# Mid PTO kit for JD 4410



## steuny (Dec 5, 2009)

Does anyone have any advice/info on this kit. I just bought a 4110 but figured it wasn't going to be a problem installing one. When I went to the jdparts.com it is no longer available. The number is LVB 25291. Appreciate any help.


----------



## MFreund (May 2, 2008)

Go to the dealer and have him look. I have had a few times the number is not available, but can be found by the dealer. It may be a simple as a superceeded number.


----------



## ontarioparts (Oct 20, 2009)

I checked and these don't seem to be available new aftermarket. However, I know where there are two of these for salvage.
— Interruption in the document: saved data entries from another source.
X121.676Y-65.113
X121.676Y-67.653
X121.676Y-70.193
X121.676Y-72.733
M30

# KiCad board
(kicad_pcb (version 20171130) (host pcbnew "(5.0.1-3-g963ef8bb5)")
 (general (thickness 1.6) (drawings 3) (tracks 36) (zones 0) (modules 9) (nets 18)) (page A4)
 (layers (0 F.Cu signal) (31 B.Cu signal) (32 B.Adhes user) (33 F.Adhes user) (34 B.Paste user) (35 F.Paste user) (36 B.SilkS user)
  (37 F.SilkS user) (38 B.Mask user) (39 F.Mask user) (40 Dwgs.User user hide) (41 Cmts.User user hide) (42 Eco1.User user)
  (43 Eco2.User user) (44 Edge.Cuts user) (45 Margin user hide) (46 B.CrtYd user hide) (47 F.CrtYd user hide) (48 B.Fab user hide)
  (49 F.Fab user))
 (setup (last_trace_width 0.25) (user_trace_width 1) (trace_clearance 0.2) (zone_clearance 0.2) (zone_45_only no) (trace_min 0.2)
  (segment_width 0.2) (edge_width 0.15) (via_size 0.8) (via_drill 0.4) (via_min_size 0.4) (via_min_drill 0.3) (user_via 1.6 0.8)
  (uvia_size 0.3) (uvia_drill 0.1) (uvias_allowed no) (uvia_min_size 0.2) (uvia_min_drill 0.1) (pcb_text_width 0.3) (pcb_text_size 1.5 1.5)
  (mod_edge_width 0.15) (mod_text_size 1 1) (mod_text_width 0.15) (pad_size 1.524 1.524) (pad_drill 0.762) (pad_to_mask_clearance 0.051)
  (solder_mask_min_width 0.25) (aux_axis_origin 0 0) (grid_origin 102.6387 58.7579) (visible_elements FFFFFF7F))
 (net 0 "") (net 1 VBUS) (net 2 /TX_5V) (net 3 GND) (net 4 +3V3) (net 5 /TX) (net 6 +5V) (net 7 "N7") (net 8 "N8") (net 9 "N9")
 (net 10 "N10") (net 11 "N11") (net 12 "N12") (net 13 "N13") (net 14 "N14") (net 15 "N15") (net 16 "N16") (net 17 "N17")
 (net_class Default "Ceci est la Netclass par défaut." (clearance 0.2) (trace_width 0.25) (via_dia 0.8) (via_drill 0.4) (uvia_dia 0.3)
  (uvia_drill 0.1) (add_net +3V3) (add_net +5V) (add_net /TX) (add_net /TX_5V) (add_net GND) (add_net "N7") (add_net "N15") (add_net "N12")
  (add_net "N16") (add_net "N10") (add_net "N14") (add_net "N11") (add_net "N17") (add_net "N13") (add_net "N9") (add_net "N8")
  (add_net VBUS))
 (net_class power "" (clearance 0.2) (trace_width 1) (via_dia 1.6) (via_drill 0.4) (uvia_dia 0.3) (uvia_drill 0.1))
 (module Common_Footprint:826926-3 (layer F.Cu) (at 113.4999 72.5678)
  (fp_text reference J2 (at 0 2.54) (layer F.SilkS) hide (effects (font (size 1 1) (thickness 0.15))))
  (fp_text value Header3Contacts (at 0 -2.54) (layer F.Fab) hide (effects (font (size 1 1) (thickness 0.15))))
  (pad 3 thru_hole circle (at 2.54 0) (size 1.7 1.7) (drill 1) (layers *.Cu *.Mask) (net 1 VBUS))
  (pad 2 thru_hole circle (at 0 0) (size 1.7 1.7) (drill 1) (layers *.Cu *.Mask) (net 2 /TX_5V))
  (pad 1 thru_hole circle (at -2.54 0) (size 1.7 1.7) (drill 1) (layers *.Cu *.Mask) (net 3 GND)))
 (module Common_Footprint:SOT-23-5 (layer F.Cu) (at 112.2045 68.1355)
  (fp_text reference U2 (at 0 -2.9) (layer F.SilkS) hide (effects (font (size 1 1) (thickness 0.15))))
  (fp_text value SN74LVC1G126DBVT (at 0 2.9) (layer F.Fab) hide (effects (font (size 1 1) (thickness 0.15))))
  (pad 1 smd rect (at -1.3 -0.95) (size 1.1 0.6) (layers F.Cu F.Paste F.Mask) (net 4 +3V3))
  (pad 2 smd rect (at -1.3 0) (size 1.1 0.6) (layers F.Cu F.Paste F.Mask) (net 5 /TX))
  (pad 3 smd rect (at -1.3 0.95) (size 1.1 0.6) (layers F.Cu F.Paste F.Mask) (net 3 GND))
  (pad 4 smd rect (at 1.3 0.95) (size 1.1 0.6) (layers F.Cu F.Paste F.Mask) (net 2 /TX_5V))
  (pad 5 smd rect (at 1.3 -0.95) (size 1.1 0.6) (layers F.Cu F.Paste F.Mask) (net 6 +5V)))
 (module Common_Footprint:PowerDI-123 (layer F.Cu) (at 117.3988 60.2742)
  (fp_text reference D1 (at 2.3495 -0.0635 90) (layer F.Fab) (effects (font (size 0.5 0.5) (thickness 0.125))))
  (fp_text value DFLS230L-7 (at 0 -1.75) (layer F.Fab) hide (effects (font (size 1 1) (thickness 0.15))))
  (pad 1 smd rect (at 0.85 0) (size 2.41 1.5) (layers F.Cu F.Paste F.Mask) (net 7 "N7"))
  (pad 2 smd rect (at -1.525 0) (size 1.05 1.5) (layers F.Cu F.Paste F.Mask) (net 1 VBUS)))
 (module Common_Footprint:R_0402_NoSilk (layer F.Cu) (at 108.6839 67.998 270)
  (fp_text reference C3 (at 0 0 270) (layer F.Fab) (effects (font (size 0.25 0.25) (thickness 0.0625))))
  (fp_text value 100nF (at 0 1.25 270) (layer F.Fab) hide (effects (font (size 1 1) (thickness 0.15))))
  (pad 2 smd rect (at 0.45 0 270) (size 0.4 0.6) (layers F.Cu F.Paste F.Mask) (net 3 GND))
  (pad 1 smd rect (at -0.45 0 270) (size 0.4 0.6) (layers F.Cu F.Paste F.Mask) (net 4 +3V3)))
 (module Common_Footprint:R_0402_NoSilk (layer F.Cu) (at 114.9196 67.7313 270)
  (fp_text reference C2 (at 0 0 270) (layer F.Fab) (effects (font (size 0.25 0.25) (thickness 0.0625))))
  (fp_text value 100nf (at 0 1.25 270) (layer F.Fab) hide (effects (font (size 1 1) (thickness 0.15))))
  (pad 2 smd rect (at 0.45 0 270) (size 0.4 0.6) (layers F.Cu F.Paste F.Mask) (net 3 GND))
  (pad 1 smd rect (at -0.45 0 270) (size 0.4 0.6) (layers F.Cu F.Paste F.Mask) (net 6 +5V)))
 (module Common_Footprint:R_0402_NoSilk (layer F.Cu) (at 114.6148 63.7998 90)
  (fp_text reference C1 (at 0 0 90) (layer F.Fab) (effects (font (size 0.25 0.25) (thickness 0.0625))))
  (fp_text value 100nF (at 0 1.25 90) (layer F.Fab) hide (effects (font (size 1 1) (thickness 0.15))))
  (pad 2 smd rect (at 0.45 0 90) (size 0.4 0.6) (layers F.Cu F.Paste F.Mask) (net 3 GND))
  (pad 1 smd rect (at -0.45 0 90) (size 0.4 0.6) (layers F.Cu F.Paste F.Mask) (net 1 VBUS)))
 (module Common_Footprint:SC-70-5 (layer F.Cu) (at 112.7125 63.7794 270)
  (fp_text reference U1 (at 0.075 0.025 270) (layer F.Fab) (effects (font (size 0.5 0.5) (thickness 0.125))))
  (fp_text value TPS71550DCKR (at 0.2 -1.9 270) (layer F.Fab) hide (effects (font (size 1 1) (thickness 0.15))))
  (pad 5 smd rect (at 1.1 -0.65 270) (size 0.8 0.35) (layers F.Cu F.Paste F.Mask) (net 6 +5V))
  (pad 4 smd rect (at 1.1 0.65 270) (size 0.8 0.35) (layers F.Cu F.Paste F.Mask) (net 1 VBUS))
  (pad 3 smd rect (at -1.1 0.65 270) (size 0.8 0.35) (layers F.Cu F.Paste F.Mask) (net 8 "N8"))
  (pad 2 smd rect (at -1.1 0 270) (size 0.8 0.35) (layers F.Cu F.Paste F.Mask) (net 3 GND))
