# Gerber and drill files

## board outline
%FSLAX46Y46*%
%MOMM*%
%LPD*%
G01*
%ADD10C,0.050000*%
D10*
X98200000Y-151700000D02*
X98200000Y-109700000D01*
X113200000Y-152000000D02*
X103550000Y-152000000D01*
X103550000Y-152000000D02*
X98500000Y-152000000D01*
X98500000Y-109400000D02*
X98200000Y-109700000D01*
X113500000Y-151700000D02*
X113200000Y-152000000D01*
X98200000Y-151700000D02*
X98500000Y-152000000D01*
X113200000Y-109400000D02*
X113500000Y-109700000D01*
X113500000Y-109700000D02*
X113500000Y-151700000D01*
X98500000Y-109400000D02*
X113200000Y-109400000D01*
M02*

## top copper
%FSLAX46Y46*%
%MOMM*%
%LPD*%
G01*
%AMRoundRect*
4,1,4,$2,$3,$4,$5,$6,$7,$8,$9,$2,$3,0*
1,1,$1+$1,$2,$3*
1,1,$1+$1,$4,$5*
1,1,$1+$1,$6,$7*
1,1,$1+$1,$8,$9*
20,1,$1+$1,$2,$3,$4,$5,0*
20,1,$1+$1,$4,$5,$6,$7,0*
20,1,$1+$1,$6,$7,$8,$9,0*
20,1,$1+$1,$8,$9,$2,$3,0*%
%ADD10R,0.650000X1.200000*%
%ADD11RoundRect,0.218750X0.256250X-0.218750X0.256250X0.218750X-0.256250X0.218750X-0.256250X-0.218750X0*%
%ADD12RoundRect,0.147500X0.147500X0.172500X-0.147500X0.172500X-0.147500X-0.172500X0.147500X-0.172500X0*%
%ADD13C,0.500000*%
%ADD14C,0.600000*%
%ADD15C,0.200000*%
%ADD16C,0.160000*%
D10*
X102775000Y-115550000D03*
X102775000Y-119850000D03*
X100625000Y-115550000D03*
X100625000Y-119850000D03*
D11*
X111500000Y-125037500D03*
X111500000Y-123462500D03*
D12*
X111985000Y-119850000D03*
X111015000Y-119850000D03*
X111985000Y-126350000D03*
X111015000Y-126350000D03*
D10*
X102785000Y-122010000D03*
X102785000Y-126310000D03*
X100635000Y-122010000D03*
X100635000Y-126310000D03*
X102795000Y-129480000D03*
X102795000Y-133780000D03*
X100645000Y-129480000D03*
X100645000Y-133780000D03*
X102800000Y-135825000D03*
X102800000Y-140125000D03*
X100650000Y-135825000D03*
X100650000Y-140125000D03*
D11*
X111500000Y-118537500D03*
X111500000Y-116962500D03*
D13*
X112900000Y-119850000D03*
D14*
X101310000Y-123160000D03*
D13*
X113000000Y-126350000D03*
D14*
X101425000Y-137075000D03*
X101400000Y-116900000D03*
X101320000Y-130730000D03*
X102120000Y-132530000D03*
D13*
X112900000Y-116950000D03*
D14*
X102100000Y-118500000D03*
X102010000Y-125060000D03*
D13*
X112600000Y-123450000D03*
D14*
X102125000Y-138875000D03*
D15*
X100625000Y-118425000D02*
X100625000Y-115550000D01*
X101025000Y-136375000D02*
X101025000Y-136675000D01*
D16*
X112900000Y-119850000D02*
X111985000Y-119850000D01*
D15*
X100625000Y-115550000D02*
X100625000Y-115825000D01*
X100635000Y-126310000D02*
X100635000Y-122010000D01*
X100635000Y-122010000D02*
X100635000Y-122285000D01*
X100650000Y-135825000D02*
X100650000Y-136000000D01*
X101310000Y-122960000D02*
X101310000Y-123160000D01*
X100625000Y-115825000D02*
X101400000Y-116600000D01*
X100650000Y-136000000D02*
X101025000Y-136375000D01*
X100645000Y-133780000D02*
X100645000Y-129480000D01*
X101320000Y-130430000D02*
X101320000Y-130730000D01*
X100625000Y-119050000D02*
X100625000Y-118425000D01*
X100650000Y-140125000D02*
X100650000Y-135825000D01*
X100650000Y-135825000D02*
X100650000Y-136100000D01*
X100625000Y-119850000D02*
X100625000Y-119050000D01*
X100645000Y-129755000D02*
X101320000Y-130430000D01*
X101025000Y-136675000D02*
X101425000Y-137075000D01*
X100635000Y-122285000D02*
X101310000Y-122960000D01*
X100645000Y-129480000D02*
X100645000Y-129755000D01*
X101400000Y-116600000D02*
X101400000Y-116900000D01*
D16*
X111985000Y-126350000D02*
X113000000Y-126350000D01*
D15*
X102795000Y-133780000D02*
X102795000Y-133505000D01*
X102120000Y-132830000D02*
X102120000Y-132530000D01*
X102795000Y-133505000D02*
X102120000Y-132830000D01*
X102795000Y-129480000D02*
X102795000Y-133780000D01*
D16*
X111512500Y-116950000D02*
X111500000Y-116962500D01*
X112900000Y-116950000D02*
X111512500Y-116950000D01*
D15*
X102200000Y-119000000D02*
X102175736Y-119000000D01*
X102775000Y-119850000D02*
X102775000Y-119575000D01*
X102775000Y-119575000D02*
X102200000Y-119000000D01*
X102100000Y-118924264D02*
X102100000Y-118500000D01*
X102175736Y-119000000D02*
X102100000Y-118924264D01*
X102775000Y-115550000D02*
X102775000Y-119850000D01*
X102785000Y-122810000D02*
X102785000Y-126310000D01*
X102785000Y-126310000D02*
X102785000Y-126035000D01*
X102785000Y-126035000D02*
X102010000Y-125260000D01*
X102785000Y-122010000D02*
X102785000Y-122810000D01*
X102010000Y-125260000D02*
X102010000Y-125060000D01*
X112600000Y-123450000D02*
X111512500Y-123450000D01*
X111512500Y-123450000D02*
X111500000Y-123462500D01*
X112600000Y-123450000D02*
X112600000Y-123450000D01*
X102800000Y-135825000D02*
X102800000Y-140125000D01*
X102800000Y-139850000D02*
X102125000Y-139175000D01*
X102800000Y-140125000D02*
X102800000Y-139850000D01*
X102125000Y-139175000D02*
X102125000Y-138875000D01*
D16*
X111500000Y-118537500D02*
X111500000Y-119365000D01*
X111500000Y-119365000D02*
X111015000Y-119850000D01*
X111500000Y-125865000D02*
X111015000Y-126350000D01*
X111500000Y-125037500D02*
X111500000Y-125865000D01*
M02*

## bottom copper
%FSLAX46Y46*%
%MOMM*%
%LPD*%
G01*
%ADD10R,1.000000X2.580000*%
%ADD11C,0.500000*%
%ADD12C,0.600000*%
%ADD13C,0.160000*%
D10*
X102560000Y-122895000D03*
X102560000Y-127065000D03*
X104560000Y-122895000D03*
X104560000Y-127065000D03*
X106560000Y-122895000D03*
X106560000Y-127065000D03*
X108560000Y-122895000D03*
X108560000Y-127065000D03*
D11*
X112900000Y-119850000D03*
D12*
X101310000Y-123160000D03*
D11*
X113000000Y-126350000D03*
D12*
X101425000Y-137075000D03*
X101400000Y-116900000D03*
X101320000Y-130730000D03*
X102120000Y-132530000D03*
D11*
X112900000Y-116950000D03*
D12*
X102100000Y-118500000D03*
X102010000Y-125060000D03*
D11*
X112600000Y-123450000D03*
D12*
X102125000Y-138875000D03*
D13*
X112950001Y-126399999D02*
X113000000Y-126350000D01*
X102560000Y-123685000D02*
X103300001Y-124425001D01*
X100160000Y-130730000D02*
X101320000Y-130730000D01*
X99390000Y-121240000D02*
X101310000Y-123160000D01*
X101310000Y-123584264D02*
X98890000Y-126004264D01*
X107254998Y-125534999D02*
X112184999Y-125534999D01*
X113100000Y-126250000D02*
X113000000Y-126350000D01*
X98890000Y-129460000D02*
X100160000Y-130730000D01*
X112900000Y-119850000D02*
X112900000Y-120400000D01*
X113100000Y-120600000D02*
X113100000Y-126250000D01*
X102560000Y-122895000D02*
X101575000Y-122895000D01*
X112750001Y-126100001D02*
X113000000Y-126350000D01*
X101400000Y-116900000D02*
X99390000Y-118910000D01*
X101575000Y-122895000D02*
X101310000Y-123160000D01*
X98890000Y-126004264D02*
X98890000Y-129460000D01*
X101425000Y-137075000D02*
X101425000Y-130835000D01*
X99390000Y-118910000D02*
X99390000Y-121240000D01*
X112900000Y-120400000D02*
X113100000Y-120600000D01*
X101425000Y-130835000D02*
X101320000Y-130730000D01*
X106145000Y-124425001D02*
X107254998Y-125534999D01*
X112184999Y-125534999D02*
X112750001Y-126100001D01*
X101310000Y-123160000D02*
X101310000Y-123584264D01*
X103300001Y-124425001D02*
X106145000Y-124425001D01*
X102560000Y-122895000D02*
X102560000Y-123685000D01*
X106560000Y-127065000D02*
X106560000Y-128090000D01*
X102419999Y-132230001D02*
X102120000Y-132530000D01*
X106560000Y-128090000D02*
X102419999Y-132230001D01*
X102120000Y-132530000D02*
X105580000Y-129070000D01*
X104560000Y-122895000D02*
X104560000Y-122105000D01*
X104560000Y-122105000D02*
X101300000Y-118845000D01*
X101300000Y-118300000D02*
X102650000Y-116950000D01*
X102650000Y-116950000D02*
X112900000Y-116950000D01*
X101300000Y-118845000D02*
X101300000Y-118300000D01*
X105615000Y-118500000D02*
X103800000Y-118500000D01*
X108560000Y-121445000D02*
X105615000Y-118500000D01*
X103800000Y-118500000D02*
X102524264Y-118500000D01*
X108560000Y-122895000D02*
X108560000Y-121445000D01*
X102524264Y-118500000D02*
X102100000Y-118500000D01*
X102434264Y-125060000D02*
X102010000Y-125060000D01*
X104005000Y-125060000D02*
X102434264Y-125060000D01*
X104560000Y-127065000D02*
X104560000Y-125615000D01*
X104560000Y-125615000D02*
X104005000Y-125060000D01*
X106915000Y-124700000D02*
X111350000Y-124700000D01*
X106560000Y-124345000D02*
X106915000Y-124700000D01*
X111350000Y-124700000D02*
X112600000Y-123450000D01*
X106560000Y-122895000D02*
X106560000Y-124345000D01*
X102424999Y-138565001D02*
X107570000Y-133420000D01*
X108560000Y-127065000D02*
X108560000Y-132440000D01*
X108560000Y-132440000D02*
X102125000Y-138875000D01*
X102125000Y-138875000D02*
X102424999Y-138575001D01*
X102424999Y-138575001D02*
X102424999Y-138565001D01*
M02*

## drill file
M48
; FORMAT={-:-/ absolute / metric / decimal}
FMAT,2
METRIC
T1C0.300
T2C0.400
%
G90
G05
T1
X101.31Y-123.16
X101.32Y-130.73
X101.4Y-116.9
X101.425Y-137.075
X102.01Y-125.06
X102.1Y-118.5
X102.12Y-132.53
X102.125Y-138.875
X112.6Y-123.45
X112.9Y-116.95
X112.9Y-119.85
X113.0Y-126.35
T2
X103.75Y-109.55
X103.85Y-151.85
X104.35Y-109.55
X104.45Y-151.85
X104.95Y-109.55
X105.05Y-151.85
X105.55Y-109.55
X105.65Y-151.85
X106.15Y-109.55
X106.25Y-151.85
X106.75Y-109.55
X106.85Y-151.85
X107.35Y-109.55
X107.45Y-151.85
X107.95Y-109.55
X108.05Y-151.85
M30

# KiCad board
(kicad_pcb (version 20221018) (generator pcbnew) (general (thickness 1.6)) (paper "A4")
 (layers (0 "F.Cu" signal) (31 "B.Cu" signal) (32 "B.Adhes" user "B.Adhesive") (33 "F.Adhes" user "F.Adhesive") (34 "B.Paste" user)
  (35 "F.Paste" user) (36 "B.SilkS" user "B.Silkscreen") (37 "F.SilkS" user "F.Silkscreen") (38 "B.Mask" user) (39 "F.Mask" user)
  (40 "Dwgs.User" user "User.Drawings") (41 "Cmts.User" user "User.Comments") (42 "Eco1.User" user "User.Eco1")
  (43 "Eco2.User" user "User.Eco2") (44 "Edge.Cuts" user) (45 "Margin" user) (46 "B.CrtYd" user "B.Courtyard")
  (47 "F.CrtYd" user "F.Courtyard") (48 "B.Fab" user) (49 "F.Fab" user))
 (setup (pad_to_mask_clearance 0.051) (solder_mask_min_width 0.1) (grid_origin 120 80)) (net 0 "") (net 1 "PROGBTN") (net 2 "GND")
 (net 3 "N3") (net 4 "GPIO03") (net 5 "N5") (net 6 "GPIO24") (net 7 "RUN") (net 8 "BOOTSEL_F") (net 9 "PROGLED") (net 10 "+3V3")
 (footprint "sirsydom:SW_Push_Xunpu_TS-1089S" (layer "F.Cu") (at 101.7 117.7 -90)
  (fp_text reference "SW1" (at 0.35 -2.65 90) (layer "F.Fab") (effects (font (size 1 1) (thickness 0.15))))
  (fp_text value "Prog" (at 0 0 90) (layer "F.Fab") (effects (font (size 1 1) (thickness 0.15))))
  (pad "1" smd rect (at -2.15 -1.075 270) (size 1.2 0.65) (layers "F.Cu" "F.Paste" "F.Mask") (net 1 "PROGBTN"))
  (pad "1" smd rect (at 2.15 -1.075 270) (size 1.2 0.65) (layers "F.Cu" "F.Paste" "F.Mask") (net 1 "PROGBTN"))
  (pad "2" smd rect (at -2.15 1.075 270) (size 1.2 0.65) (layers "F.Cu" "F.Paste" "F.Mask") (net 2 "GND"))
  (pad "2" smd rect (at 2.15 1.075 270) (size 1.2 0.65) (layers "F.Cu" "F.Paste" "F.Mask") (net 2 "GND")))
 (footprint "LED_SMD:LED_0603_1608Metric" (layer "F.Cu") (at 111.5 124.25 90)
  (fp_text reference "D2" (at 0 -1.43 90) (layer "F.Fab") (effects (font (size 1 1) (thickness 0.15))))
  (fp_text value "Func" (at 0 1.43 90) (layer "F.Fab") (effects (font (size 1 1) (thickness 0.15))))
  (pad "1" smd roundrect (at -0.7875 0 90) (size 0.875 0.95) (layers "F.Cu" "F.Paste" "F.Mask") (roundrect_rratio 0.25) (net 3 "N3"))
  (pad "2" smd roundrect (at 0.7875 0 90) (size 0.875 0.95) (layers "F.Cu" "F.Paste" "F.Mask") (roundrect_rratio 0.25) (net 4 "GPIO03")))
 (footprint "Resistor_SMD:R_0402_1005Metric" (layer "F.Cu") (at 111.5 119.85 180)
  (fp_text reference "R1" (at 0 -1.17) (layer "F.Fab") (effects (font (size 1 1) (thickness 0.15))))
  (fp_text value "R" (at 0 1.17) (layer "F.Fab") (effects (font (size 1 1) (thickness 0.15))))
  (pad "1" smd roundrect (at -0.485 0 180) (size 0.59 0.64) (layers "F.Cu" "F.Paste" "F.Mask") (roundrect_rratio 0.25) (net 2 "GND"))
  (pad "2" smd roundrect (at 0.485 0 180) (size 0.59 0.64) (layers "F.Cu" "F.Paste" "F.Mask") (roundrect_rratio 0.25) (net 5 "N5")))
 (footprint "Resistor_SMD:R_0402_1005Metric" (layer "F.Cu") (at 111.5 126.35 180)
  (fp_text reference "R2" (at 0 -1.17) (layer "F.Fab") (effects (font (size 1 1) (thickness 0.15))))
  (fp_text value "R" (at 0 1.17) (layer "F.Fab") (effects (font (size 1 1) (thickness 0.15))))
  (pad "1" smd roundrect (at -0.485 0 180) (size 0.59 0.64) (layers "F.Cu" "F.Paste" "F.Mask") (roundrect_rratio 0.25) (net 2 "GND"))
  (pad "2" smd roundrect (at 0.485 0 180) (size 0.59 0.64) (layers "F.Cu" "F.Paste" "F.Mask") (roundrect_rratio 0.25) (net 3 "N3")))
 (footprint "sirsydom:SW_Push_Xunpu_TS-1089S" (layer "F.Cu") (at 101.71 124.16 -90)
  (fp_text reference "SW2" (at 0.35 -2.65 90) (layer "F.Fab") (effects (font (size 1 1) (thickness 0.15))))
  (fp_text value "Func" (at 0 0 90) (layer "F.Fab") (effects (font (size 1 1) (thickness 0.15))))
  (pad "1" smd rect (at -2.15 -1.075 270) (size 1.2 0.65) (layers "F.Cu" "F.Paste" "F.Mask") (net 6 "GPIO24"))
  (pad "1" smd rect (at 2.15 -1.075 270) (size 1.2 0.65) (layers "F.Cu" "F.Paste" "F.Mask") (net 6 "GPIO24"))
  (pad "2" smd rect (at -2.15 1.075 270) (size 1.2 0.65) (layers "F.Cu" "F.Paste" "F.Mask") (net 2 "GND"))
  (pad "2" smd rect (at 2.15 1.075 270) (size 1.2 0.65) (layers "F.Cu" "F.Paste" "F.Mask") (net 2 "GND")))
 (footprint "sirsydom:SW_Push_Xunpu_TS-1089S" (layer "F.Cu") (at 101.72 131.63 -90)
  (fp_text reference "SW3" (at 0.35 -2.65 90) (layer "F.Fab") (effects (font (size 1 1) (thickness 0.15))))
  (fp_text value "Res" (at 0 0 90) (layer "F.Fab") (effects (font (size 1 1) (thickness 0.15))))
If the individual part numbers of the kit can be provided, i can see if it's available good used. 

regards

Marlon
John Deere Tractor Parts


----------



## steuny (Dec 5, 2009)

Thanks for the reply. I found a JD dealer on Ebay who had the kit available. Even my dealer could get me one. Don't know why jdparts.com has it listed as discontinued.


----------



## MFreund (May 2, 2008)

Deere often has kits labeled as discontinued. The kit is discontinued but all the parts are still available, but often are expensive to put together your own "kit" There are often dealers who have the discontinued kit on the shelf as you have found. Good Job!


----------



## hawgdawg50 (Jan 29, 2008)

Did you get your mid-PTO installed? I just installed mine this week. I found it necessary to remove the right rear fender to install the coil. Also had to remove the frame from the electric box to get to the locations for two of the three relays.


----------



## Live Oak (Dec 22, 2003)

steuny, I would be interested in how things went if you installed the mid pto. My mid pto was already installed when I purchase my 4410, but it is good info. to have on hand about removing and replacing it in the event maintenance is required.


----------



## steuny (Dec 5, 2009)

Actually, I had my mechanic install it . It was getting nasty out and I don't have a garage. It took him about 4 hrs, had all the parts and he was impressed with how easy it was along with good directions provided in the kit. Sorry I can provide first hand info.


----------